COPYRIGHT(2018) Kirkus Reviews, ALL RIGHTS RESERVED.



Publisher's Weekly

June 18, 2018
These striking stories from National Book Award–winner Johnson (Middle Passage) span a wide range of time periods and cultures but are woven together with a subtle thread of compassion. In “The Weave,” Ieesha and Tyrone pull a heist at a salon, stealing bags of human hair, artfully shedding light on the pain of feeling one’s hair is “never beautiful as it is” when one is not part of the dominant culture.
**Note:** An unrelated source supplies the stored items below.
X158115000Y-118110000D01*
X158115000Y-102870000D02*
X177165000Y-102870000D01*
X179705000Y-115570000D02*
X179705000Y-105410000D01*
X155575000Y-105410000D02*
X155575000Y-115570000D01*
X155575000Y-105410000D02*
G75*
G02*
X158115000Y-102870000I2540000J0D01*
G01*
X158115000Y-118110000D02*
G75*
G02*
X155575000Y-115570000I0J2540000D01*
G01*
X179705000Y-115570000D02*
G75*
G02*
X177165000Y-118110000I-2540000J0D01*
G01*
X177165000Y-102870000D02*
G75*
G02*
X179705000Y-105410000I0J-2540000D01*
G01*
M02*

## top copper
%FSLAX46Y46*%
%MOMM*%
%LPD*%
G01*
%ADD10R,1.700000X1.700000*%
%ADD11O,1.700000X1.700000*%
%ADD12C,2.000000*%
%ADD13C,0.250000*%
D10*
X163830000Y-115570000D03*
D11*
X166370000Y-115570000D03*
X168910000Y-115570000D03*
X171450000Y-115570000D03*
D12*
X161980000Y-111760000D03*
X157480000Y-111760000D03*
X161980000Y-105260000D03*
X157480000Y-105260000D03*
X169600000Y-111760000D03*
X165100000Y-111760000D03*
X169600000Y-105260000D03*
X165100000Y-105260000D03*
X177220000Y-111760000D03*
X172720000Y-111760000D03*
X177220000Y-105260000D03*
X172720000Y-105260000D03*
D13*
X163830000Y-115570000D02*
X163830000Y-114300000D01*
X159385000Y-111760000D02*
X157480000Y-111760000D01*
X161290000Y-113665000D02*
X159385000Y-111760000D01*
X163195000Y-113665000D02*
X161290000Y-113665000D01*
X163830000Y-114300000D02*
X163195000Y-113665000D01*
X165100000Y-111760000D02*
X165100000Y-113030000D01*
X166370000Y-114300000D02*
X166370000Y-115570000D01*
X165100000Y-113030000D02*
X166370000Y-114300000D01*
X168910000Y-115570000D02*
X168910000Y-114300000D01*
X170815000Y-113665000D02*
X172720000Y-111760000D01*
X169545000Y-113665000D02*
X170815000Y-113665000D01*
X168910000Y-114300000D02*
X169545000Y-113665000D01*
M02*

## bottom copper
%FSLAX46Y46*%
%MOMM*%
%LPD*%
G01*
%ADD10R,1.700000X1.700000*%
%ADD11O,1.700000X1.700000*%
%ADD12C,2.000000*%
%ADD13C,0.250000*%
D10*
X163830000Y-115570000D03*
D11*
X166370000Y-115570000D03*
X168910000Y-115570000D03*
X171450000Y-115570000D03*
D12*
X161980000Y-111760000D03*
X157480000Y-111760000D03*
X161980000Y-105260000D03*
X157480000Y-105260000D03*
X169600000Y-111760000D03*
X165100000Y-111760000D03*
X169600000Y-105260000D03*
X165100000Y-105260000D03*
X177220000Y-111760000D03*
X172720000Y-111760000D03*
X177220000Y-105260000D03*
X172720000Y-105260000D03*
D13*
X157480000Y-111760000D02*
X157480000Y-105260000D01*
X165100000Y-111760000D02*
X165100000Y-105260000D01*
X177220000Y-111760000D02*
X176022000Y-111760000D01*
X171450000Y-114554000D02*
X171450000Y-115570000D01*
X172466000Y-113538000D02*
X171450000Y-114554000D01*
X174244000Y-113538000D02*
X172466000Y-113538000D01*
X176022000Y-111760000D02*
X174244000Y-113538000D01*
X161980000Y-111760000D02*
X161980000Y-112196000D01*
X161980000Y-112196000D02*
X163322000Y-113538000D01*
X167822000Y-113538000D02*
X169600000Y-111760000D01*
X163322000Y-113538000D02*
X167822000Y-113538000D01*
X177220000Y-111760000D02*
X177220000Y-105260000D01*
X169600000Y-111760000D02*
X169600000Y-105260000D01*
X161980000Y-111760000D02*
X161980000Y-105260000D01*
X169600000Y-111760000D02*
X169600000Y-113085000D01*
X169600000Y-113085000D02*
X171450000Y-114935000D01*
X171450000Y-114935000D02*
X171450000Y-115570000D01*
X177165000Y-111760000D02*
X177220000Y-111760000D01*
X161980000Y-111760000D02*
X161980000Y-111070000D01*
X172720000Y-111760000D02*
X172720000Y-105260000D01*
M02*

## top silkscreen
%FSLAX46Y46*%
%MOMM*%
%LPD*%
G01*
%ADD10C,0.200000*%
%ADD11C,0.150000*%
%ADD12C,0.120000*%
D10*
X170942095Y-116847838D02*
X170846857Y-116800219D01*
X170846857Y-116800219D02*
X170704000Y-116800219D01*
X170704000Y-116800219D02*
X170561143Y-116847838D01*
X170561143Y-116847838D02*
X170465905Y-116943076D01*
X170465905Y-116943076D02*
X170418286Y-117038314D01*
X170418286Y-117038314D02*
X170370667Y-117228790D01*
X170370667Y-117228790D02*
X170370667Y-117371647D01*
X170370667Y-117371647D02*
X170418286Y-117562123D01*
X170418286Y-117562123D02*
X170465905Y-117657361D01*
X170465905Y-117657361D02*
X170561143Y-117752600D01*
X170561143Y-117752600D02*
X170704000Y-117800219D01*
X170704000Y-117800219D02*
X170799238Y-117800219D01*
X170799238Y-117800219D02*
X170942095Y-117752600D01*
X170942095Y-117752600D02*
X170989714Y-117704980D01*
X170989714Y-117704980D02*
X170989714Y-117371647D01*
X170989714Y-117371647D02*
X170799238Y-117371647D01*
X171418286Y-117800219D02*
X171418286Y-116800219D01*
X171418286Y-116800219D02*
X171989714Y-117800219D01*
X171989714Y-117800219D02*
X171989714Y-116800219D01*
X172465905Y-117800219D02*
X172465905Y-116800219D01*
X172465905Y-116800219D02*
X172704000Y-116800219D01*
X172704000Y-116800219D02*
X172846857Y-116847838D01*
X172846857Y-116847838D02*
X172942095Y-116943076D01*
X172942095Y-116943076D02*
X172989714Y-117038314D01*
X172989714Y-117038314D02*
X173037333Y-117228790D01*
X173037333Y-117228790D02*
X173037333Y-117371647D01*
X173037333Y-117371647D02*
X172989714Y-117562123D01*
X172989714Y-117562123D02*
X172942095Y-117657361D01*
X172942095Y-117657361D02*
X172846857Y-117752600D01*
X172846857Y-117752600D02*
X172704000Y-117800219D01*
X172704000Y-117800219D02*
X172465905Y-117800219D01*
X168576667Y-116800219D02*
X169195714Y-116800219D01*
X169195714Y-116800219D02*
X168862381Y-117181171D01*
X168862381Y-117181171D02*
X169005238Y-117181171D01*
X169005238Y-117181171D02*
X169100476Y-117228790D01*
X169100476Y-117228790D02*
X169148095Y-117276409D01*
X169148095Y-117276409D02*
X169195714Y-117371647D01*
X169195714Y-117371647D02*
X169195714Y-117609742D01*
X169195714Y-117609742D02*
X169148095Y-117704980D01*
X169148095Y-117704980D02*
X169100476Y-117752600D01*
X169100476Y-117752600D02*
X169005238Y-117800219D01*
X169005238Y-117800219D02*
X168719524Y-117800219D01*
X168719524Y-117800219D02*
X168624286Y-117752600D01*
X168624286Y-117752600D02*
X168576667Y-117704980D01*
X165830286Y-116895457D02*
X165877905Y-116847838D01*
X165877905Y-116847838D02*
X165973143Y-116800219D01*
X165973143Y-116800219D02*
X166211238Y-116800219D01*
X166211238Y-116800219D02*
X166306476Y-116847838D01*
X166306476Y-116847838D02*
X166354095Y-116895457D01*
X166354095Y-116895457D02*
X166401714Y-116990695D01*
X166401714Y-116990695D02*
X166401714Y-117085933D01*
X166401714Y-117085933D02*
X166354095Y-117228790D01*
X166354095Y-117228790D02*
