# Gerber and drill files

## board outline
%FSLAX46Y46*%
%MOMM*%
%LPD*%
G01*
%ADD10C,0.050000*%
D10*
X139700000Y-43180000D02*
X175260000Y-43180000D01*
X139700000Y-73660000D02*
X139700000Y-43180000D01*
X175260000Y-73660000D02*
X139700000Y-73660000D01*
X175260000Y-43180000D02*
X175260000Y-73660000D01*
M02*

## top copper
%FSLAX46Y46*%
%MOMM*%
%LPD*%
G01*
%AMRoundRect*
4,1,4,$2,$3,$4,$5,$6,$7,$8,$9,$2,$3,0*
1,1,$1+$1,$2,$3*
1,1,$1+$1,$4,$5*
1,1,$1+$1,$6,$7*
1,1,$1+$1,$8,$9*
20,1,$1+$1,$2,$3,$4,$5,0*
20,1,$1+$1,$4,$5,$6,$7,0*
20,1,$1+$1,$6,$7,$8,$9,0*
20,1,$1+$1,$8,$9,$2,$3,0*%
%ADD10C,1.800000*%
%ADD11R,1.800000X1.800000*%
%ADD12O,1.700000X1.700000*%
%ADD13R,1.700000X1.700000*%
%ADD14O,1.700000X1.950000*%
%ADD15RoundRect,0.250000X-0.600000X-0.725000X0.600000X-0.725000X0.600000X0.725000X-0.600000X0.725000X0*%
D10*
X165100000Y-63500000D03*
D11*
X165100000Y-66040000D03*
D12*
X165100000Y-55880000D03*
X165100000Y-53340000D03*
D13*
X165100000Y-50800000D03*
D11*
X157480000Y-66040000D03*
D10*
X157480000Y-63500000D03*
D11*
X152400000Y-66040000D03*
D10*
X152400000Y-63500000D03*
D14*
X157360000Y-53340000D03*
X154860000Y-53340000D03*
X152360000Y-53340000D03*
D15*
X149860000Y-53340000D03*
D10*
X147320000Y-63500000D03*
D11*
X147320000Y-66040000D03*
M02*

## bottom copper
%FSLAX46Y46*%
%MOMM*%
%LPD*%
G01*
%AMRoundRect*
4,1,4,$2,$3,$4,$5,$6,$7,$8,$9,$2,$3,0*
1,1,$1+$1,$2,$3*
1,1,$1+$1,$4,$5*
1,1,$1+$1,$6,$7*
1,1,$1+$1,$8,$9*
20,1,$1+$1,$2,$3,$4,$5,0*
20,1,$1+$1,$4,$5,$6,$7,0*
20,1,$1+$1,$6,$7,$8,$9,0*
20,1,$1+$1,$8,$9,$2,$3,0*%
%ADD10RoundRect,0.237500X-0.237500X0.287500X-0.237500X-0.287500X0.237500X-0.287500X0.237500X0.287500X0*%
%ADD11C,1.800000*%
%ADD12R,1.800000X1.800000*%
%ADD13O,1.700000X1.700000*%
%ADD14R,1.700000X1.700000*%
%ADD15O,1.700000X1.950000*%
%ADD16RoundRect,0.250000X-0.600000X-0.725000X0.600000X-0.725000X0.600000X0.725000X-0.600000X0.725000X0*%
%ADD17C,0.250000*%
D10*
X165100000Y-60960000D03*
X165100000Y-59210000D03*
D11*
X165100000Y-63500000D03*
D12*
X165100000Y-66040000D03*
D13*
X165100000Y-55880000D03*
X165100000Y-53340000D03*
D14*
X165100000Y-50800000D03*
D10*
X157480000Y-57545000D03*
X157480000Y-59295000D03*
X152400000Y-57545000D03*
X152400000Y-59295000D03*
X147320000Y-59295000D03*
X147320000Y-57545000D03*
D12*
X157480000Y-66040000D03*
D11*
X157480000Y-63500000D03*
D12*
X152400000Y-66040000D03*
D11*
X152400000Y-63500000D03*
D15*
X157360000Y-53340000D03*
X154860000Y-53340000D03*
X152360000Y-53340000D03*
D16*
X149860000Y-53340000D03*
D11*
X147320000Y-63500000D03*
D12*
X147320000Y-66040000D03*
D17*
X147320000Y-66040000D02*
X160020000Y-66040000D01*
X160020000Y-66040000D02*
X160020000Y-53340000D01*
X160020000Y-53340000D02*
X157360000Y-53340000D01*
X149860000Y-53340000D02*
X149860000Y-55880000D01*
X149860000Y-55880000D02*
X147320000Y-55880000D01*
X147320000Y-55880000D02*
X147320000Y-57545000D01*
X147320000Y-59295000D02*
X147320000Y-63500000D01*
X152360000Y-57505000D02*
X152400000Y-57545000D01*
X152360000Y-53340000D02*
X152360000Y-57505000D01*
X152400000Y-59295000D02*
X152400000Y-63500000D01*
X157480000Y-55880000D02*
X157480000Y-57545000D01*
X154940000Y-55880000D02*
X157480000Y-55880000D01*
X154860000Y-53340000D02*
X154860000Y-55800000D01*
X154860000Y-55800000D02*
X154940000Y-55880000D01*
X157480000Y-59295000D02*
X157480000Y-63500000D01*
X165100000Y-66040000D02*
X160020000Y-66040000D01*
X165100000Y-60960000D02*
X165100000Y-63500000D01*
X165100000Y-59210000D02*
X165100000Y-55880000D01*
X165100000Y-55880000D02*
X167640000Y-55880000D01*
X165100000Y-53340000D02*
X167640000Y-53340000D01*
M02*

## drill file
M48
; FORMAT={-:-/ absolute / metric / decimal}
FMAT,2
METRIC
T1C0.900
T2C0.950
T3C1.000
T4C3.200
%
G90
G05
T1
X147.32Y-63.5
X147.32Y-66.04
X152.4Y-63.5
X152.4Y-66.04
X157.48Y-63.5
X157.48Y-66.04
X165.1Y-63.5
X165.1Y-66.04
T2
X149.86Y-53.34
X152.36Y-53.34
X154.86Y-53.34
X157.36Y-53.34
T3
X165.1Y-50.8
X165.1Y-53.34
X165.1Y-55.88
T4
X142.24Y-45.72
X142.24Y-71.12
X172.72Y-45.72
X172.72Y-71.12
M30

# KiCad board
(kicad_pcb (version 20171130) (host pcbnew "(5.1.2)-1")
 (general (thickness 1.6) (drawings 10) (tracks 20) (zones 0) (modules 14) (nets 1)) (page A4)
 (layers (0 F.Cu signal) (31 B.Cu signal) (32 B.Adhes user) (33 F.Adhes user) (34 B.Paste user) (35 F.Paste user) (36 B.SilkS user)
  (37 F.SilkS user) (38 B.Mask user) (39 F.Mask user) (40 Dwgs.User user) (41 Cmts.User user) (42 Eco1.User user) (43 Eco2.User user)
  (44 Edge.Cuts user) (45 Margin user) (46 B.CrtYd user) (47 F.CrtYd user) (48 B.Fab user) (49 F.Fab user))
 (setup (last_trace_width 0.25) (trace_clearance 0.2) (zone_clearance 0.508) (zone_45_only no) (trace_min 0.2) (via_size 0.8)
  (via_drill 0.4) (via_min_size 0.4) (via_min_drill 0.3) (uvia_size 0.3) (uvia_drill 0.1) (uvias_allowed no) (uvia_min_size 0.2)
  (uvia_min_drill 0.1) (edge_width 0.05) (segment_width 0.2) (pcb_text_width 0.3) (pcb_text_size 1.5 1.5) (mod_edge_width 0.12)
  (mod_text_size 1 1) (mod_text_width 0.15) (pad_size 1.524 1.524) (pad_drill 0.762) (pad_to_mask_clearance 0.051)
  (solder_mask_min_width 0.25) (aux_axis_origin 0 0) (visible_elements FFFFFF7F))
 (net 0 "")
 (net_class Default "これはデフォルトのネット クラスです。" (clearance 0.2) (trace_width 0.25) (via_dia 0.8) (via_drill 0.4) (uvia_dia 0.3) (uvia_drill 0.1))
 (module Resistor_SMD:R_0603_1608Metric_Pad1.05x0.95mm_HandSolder (layer B.Cu) (at 165.1 60.085 270)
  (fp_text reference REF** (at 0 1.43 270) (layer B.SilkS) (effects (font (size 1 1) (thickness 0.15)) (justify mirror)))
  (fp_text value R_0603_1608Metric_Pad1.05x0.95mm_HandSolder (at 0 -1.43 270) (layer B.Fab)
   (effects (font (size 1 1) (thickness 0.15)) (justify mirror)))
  (pad 2 smd roundrect (at 0.875 0 270) (size 1.05 0.95) (layers B.Cu B.Paste B.Mask) (roundrect_rratio 0.25))
  (pad 1 smd roundrect (at -0.875 0 270) (size 1.05 0.95) (layers B.Cu B.Paste B.Mask) (roundrect_rratio 0.25)))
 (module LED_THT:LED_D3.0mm (layer F.Cu) (at 165.1 66.04 90)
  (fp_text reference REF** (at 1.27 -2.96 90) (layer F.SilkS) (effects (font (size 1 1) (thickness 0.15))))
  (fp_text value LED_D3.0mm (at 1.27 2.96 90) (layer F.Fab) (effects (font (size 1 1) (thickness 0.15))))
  (pad 2 thru_hole circle (at 2.54 0 90) (size 1.8 1.8) (drill 0.9) (layers *.Cu *.Mask))
  (pad 1 thru_hole rect (at 0 0 90) (size 1.8 1.8) (drill 0.9) (layers *.Cu *.Mask)))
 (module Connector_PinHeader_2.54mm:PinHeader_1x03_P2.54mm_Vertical (layer F.Cu) (at 165.1 50.8)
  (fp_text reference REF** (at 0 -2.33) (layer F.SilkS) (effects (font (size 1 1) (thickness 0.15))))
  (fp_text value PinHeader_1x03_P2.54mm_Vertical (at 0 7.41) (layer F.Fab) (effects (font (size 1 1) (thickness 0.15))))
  (pad 3 thru_hole oval (at 0 5.08) (size 1.7 1.7) (drill 1) (layers *.Cu *.Mask))
  (pad 2 thru_hole oval (at 0 2.54) (size 1.7 1.7) (drill 1) (layers *.Cu *.Mask))
  (pad 1 thru_hole rect (at 0 0) (size 1.7 1.7) (drill 1) (layers *.Cu *.Mask)))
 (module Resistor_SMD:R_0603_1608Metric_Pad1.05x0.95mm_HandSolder (layer B.Cu) (at 157.48 58.42 270)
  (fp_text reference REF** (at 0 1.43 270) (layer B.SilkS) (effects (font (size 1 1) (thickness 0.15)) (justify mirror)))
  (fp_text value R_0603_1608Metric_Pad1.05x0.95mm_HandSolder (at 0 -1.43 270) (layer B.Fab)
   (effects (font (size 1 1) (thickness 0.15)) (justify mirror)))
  (pad 1 smd roundrect (at -0.875 0 270) (size 1.05 0.95) (layers B.Cu B.Paste B.Mask) (roundrect_rratio 0.25))
  (pad 2 smd roundrect (at 0.875 0 270) (size 1.05 0.95) (layers B.Cu B.Paste B.Mask) (roundrect_rratio 0.25)))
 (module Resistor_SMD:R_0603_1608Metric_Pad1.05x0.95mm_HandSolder (layer B.Cu) (at 152.4 58.42 270)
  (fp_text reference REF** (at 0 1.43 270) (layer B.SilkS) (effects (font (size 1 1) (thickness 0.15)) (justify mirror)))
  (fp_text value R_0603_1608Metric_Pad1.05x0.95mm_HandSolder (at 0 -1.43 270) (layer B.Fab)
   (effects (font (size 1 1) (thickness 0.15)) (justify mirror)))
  (pad 1 smd roundrect (at -0.875 0 270) (size 1.05 0.95) (layers B.Cu B.Paste B.Mask) (roundrect_rratio 0.25))
  (pad 2 smd roundrect (at 0.875 0 270) (size 1.05 0.95) (layers B.Cu B.Paste B.Mask) (roundrect_rratio 0.25)))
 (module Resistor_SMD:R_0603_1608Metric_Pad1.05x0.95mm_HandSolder (layer B.Cu) (at 147.32 58.42 270)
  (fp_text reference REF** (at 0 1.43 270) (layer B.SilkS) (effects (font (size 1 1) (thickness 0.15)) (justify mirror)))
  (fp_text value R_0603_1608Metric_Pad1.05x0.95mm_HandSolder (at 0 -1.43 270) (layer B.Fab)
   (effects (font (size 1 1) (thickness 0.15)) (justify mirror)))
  (pad 2 smd roundrect (at 0.875 0 270) (size 1.05 0.95) (layers B.Cu B.Paste B.Mask) (roundrect_rratio 0.25))
  (pad 1 smd roundrect (at -0.875 0 270) (size 1.05 0.95) (layers B.Cu B.Paste B.Mask) (roundrect_rratio 0.25)))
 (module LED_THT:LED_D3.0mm (layer F.Cu) (at 157.48 66.04 90)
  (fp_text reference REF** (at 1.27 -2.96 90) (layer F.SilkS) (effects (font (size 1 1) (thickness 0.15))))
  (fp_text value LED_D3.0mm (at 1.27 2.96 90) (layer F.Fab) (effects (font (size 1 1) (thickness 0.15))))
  (pad 1 thru_hole rect (at 0 0 90) (size 1.8 1.8) (drill 0.9) (layers *.Cu *.Mask))
  (pad 2 thru_hole circle (at 2.54 0 90) (size 1.8 1.8) (drill 0.9) (layers *.Cu *.Mask)))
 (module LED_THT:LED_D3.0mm (layer F.Cu) (at 152.4 66.04 90)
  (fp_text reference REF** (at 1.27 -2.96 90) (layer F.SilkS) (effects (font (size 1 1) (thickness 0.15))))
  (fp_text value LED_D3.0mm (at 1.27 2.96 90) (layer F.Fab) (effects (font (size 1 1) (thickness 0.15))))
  (pad 1 thru_hole rect (at 0 0 90) (size 1.8 1.8) (drill 0.9) (layers *.Cu *.Mask))
  (pad 2 thru_hole circle (at 2.54 0 90) (size 1.8 1.8) (drill 0.9) (layers *.Cu *.Mask)))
Back in the time of Plato, the philosopher himself clashes with the cynics, who push him to question his very core, in “The Cynics.” In “Occupying Arthur Whitford,” a poor young black cab driver in Seattle attempts to rob a rich older white customer who was rude to him, but is shaken by what he finds in the man’s house. Elsewhere in Seattle, a University of Washington student makes money by participating in dubious medical studies and experiences a “body swap” with a Rottweiler in “Guinea Pig.” In the dystopian future of “4189,” death is forbidden, and a sex doll in disguise as a real woman leads a man toward a joint suicide. These inventive stories feature characters that experience darkness and display the complexity of the human soul, resulting in a provocative and sensitive collection.